→ Available records:
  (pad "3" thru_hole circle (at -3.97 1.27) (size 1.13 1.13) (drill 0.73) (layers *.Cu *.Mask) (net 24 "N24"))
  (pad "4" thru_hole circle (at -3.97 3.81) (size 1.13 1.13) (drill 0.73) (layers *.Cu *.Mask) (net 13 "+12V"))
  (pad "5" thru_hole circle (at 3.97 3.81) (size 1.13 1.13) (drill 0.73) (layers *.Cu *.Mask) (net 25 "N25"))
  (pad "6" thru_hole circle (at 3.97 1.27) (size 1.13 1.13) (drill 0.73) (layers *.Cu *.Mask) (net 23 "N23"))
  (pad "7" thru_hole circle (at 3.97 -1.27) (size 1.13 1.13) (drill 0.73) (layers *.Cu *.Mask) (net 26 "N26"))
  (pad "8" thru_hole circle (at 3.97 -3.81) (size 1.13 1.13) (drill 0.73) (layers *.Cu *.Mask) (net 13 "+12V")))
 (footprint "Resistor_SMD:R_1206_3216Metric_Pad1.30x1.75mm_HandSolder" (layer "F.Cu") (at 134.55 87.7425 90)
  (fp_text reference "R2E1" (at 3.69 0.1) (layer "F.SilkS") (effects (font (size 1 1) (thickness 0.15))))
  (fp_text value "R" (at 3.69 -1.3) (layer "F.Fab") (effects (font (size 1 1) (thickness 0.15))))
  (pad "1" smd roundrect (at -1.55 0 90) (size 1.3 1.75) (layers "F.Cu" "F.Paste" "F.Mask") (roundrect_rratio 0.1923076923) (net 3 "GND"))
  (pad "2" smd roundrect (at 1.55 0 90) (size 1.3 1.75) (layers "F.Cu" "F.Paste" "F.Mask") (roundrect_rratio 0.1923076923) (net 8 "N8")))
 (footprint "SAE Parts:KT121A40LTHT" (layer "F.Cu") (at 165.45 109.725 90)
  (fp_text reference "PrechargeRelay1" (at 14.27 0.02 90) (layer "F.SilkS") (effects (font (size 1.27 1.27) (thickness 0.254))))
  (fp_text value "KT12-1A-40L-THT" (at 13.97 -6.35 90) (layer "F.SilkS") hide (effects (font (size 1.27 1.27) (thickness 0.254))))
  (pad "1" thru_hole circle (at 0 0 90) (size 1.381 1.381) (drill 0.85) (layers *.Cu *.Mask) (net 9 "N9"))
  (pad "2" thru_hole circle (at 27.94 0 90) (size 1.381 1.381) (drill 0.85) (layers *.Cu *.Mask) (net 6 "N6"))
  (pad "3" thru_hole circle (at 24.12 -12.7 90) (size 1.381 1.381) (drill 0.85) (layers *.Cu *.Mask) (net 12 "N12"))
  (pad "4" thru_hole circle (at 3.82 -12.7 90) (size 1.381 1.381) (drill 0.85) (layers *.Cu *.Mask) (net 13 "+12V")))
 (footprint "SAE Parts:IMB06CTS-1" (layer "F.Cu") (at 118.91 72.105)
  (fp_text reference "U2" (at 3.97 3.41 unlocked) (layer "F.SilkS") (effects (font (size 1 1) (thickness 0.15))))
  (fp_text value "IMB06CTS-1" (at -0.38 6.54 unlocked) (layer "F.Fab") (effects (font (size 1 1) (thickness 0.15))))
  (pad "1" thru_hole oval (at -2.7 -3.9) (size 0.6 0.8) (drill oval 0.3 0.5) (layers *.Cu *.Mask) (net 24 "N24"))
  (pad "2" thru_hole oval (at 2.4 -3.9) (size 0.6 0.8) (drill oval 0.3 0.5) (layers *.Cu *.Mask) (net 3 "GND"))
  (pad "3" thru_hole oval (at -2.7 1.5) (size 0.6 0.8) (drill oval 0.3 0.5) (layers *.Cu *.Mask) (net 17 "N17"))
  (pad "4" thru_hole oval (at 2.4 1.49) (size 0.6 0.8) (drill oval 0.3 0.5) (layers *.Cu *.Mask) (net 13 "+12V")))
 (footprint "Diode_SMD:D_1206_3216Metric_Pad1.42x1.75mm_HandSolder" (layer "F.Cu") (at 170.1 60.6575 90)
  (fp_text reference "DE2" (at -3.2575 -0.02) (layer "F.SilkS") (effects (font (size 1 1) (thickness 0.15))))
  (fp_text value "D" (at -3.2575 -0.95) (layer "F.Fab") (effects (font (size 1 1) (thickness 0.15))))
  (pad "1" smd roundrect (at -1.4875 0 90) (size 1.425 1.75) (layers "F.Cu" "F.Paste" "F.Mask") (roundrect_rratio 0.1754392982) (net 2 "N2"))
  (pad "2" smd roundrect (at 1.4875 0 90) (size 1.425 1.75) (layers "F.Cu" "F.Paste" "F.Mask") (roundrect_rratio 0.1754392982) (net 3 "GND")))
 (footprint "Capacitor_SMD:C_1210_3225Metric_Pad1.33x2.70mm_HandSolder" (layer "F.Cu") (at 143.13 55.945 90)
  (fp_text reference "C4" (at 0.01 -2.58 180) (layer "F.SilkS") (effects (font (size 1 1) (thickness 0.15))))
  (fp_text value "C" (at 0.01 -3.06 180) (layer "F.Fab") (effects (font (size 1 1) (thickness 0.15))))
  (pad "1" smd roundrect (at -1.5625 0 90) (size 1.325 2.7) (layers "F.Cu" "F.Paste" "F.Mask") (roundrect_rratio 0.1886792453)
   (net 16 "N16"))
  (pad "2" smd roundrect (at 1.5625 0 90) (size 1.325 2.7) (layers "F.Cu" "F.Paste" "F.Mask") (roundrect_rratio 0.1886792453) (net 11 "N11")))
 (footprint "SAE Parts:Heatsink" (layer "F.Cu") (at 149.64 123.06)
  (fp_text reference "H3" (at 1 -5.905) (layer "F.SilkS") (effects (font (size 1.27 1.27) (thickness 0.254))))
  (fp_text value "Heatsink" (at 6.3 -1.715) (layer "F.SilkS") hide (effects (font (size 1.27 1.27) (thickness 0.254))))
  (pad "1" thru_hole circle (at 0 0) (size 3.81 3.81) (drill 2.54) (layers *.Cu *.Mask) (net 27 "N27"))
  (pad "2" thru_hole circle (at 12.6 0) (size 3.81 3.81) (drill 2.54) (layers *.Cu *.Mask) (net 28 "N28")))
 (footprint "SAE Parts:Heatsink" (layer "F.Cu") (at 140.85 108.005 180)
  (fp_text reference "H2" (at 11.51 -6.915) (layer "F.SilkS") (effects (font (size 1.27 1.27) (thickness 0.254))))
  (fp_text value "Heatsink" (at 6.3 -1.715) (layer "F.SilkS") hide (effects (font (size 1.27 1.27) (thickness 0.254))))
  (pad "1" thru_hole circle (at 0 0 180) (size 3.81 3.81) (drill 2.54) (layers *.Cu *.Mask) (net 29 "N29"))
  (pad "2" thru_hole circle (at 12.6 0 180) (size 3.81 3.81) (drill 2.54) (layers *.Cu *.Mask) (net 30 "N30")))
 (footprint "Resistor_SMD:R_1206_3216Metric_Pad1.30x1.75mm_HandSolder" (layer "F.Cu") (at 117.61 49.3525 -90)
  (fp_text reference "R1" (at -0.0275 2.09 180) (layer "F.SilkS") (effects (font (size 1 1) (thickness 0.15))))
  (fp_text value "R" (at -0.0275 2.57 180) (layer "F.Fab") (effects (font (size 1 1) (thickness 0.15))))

→ Exercise objective:
From the material above, set down exactly the lines between the line holding "roundrect (at -1.4875" and the line holding "(at 11.51 -6.915)", inclusive. Include nothing else.

→ Answer:
  (pad "1" smd roundrect (at -1.4875 0 90) (size 1.425 1.75) (layers "F.Cu" "F.Paste" "F.Mask") (roundrect_rratio 0.1754392982) (net 2 "N2"))
  (pad "2" smd roundrect (at 1.4875 0 90) (size 1.425 1.75) (layers "F.Cu" "F.Paste" "F.Mask") (roundrect_rratio 0.1754392982) (net 3 "GND")))
 (footprint "Capacitor_SMD:C_1210_3225Metric_Pad1.33x2.70mm_HandSolder" (layer "F.Cu") (at 143.13 55.945 90)
  (fp_text reference "C4" (at 0.01 -2.58 180) (layer "F.SilkS") (effects (font (size 1 1) (thickness 0.15))))
  (fp_text value "C" (at 0.01 -3.06 180) (layer "F.Fab") (effects (font (size 1 1) (thickness 0.15))))
  (pad "1" smd roundrect (at -1.5625 0 90) (size 1.325 2.7) (layers "F.Cu" "F.Paste" "F.Mask") (roundrect_rratio 0.1886792453)
   (net 16 "N16"))
  (pad "2" smd roundrect (at 1.5625 0 90) (size 1.325 2.7) (layers "F.Cu" "F.Paste" "F.Mask") (roundrect_rratio 0.1886792453) (net 11 "N11")))
 (footprint "SAE Parts:Heatsink" (layer "F.Cu") (at 149.64 123.06)
  (fp_text reference "H3" (at 1 -5.905) (layer "F.SilkS") (effects (font (size 1.27 1.27) (thickness 0.254))))
  (fp_text value "Heatsink" (at 6.3 -1.715) (layer "F.SilkS") hide (effects (font (size 1.27 1.27) (thickness 0.254))))
  (pad "1" thru_hole circle (at 0 0) (size 3.81 3.81) (drill 2.54) (layers *.Cu *.Mask) (net 27 "N27"))
  (pad "2" thru_hole circle (at 12.6 0) (size 3.81 3.81) (drill 2.54) (layers *.Cu *.Mask) (net 28 "N28")))
 (footprint "SAE Parts:Heatsink" (layer "F.Cu") (at 140.85 108.005 180)
  (fp_text reference "H2" (at 11.51 -6.915) (layer "F.SilkS") (effects (font (size 1.27 1.27) (thickness 0.254))))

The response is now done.